The question for you is simple. Do you want your digital playback system to accurately play back the recording as the mastering engineer chose to publish it, for your benefit and enjoyment? Or do you want to employ a digital playback system that effectively adds the distortion of a further artificial reverb chamber, with a heavy extra dose of bloated space and ambience added to what the mastering engineer chose to give you on all your recordings, without giving you any choice to delete it and accurately hear the original correct recording?
Further Foundation of Technical Analysis
Any and every digital playback device has one primary job: connect the sample dots, to accurately reconstruct the path of the original pre-sampled signal waveform (much like a 3 year old child, who connects the dots to accurately re-create the path of the outline of a bunny rabbit's head).
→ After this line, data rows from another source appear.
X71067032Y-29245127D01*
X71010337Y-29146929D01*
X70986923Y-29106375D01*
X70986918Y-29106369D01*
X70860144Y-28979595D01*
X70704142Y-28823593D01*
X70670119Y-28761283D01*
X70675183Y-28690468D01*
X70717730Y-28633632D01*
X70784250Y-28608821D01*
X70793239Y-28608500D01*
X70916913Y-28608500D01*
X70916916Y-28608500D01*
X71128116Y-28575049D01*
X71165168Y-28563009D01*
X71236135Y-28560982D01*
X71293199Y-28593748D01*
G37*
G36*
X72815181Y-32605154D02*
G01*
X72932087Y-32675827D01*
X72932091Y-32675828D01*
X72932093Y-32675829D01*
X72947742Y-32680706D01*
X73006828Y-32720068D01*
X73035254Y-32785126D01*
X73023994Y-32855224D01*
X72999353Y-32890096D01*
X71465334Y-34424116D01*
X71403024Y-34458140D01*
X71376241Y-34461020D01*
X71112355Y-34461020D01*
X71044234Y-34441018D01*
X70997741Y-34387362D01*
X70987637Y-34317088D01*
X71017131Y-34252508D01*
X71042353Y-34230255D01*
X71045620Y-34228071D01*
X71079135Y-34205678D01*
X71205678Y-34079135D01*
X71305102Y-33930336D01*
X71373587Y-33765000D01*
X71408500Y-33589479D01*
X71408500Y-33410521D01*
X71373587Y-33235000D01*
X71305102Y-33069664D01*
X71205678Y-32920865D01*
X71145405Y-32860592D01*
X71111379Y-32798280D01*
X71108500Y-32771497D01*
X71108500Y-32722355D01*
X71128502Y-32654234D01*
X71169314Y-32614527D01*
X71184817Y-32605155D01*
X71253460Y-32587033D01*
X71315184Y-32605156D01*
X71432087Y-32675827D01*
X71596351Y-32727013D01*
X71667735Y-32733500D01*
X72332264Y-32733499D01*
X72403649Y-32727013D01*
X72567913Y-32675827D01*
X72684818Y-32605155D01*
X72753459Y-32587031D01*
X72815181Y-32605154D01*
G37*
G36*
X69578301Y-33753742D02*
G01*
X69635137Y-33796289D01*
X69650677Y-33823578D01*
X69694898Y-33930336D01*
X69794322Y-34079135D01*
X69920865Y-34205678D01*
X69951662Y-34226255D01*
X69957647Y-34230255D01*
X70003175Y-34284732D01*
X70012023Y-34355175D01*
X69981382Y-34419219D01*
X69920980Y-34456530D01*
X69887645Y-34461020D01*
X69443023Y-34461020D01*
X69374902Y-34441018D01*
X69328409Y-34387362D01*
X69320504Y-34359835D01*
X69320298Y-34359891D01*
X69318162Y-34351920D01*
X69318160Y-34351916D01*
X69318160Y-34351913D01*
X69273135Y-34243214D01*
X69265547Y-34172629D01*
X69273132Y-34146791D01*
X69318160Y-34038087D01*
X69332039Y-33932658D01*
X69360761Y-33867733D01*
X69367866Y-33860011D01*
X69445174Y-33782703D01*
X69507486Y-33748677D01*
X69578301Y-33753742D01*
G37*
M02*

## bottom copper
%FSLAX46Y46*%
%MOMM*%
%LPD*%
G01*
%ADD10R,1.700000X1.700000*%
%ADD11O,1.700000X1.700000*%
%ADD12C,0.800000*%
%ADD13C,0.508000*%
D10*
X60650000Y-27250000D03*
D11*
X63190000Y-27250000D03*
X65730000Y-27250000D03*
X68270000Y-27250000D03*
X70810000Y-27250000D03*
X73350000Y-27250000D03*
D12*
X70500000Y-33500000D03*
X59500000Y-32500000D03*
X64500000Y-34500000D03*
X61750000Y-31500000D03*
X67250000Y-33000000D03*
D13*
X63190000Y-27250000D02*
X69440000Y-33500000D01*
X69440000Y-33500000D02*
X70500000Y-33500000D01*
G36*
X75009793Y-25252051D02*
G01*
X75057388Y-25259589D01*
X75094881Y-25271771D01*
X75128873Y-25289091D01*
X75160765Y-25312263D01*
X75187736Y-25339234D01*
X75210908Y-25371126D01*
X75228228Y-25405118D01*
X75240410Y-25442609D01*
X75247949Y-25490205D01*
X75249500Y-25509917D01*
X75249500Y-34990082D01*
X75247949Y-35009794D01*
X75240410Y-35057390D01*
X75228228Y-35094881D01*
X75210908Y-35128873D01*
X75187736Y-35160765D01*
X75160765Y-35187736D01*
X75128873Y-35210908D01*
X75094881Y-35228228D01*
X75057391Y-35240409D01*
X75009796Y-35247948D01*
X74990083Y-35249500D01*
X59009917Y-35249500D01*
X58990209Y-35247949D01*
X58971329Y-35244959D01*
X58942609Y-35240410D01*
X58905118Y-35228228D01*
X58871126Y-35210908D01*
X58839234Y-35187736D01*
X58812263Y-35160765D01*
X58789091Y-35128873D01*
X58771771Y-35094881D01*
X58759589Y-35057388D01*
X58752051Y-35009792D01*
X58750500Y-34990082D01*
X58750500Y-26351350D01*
The sampling theorem, which is the bedrock foundation and literal sine qua non for all digital signal handling, promises us that we can correctly execute this primary playback job of reconstruction, even with very sparse sampling, where the sample dots are spaced far apart, relative to the twists and turns of the signal waveform.
This sparse sampling in turn necessarily a priori dictates that virtually all of our sample dots will be unlucky samplings, since they fail to occur at the precise instant that the signal waveform happens to be at a local peak, or at the inflection point for a twist or turn. Thus, sample dots fail to explicitly show 2 crucial signal waveform facts: exactly when each peak or inflection point occurred in the original pre-sampled signal waveform, and exactly what amplitude they occurred at. Somehow, our primary playback job must reconstruct peaks and inflection points between sample dots that are not even shown by the sample dots themselves.
It is easy to lazily think of digital reconstruction as merely plotting a path that connects the sample dots, just as digital textbooks teach. But this is erroneous, naively over-simplistic thinking and teaching.
In point of fact, the sampling theorem promises us that we can correctly reconstruct the original re-sampled signal waveform path, even when the sample dots are so sparse and so unlucky that the correct original signal path to be reconstructed is not at all apparent to the human eye trying to connect the dots.
For example, the sampling theorem promises us that we can correctly reconstruct a simple single full scale sine wave even when and where the sample dots unluckily happen to be at and very near zero amplitude (and the sampling theorem does indeed work correctly for this difficult reconstruction circumstance). This is equivalent to us at age 3 trying to connect the dots outlining that bunny rabbit head profile, and seeing dots at the left and right zero amplitude bases of the bunny's ear, but no lucky sampling dots whatsoever anywhere on the height of this ear, nor at its top. How on earth can we reconstruct the correct shape and amplitude of the bunny's ear, or the full scale sine wave, when an unlucky sampling gives us no sample dots whatsoever above zero?
So, how can the playback digital reconstruction filter possibly reconstruct the correct peak, and the correct reconstructed signal path through that peak, when that peak occurs between unlucky sampling dots, and thus this peak is not even explicitly represented at all by the unlucky sampling dots? The answer in a nutshell is that this unsampled peak, though not explicitly represented by the sample dots on either side that unluckily missed it, is nevertheless implicitly represented in the overall pattern of sample dots, specifically in the overall pattern that extends beyond (sometimes far beyond) the single pair of sample dots immediately adjacent to this unsampled peak (the 2 dots that immediately flank this peak).